*** Records for processing Section Begins ***

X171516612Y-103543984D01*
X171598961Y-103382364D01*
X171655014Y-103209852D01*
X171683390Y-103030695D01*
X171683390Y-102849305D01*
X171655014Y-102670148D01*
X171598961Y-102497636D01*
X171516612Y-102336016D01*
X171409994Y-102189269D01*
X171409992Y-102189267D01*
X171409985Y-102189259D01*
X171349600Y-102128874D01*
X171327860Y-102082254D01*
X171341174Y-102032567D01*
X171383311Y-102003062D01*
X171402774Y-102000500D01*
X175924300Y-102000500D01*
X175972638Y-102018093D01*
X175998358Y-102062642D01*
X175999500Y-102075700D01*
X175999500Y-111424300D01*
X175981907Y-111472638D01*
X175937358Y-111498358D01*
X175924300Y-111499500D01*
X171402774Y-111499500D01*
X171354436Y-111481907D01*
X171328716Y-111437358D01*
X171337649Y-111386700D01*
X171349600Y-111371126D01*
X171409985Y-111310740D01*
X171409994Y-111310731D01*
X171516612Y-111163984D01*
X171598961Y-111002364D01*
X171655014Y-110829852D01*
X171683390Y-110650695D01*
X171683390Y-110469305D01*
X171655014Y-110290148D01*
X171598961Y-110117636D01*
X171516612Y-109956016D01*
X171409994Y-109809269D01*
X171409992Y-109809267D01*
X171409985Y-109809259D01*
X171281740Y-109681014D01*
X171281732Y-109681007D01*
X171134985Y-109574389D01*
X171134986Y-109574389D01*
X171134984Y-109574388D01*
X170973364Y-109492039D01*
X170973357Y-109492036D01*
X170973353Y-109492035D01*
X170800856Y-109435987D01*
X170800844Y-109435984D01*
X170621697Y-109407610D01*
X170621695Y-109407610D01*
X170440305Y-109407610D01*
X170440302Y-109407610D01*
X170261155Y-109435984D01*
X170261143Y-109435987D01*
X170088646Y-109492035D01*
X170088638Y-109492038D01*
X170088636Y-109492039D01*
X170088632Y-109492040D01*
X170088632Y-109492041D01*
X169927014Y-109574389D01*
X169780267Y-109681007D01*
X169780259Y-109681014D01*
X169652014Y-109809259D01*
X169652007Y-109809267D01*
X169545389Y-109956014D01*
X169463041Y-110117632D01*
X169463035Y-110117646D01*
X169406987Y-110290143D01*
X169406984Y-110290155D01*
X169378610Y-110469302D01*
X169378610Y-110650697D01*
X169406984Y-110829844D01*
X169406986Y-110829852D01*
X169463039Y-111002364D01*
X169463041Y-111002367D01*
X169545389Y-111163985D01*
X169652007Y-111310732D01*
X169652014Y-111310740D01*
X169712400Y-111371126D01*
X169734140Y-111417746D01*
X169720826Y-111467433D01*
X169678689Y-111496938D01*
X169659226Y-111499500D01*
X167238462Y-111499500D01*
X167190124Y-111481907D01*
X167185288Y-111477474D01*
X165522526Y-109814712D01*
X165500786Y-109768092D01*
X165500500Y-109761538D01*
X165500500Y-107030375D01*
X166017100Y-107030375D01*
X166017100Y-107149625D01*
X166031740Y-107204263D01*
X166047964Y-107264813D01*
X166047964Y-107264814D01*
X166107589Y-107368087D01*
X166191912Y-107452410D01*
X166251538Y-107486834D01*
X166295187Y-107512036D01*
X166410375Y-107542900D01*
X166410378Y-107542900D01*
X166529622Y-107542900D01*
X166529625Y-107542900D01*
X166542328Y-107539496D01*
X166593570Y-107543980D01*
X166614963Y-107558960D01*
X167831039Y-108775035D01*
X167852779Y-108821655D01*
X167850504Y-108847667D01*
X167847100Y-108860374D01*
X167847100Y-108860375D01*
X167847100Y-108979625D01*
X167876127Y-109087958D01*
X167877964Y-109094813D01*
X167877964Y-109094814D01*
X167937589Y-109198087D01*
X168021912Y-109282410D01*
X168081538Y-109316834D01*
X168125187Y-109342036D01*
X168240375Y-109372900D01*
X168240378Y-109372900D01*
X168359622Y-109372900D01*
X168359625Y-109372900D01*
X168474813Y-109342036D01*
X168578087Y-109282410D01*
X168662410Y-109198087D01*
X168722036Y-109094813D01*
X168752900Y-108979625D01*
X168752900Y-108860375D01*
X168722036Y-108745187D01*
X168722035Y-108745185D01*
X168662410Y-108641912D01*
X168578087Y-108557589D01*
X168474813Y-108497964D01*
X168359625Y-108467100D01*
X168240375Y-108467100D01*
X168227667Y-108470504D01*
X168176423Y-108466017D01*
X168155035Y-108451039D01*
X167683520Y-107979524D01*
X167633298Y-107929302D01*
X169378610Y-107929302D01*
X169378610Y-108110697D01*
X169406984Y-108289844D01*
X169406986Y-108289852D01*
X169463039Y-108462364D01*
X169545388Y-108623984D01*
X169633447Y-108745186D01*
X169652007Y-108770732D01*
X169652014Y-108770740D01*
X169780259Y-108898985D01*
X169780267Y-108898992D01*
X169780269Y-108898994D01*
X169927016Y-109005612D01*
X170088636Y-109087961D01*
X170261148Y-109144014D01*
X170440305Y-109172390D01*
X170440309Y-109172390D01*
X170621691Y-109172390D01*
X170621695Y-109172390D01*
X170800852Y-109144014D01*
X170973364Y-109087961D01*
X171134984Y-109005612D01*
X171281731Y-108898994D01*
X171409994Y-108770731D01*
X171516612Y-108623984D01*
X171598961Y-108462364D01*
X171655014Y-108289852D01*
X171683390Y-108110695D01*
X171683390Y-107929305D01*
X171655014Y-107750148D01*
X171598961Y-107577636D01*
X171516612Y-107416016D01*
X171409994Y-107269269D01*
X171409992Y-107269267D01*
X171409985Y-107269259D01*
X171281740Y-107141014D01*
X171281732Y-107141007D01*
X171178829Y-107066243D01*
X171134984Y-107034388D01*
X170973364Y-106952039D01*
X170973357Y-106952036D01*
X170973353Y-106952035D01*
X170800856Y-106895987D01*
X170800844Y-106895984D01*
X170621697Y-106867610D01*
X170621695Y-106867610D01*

*** Records for processing Section Ends ***

» Task item: The line containing "X169780267Y-109681007D01*" marks the end: copy exactly every line from the top of the data above down to it, that line included.

» Reply:
X171516612Y-103543984D01*
X171598961Y-103382364D01*
X171655014Y-103209852D01*
X171683390Y-103030695D01*
X171683390Y-102849305D01*
X171655014Y-102670148D01*
X171598961Y-102497636D01*
X171516612Y-102336016D01*
X171409994Y-102189269D01*
X171409992Y-102189267D01*
X171409985Y-102189259D01*
X171349600Y-102128874D01*
X171327860Y-102082254D01*
X171341174Y-102032567D01*
X171383311Y-102003062D01*
X171402774Y-102000500D01*
X175924300Y-102000500D01*
X175972638Y-102018093D01*
X175998358Y-102062642D01*
X175999500Y-102075700D01*
X175999500Y-111424300D01*
X175981907Y-111472638D01*
X175937358Y-111498358D01*
X175924300Y-111499500D01*
X171402774Y-111499500D01*
X171354436Y-111481907D01*
X171328716Y-111437358D01*
X171337649Y-111386700D01*
X171349600Y-111371126D01*
X171409985Y-111310740D01*
X171409994Y-111310731D01*
X171516612Y-111163984D01*
X171598961Y-111002364D01*
X171655014Y-110829852D01*
X171683390Y-110650695D01*
X171683390Y-110469305D01*
X171655014Y-110290148D01*
X171598961Y-110117636D01*
X171516612Y-109956016D01*
X171409994Y-109809269D01*
X171409992Y-109809267D01*
X171409985Y-109809259D01*
X171281740Y-109681014D01*
X171281732Y-109681007D01*
X171134985Y-109574389D01*
X171134986Y-109574389D01*
X171134984Y-109574388D01*
X170973364Y-109492039D01*
X170973357Y-109492036D01*
X170973353Y-109492035D01*
X170800856Y-109435987D01*
X170800844Y-109435984D01*
X170621697Y-109407610D01*
X170621695Y-109407610D01*
X170440305Y-109407610D01*
X170440302Y-109407610D01*
X170261155Y-109435984D01*
X170261143Y-109435987D01*
X170088646Y-109492035D01*
X170088638Y-109492038D01*
X170088636Y-109492039D01*
X170088632Y-109492040D01*
X170088632Y-109492041D01*
X169927014Y-109574389D01*
X169780267Y-109681007D01*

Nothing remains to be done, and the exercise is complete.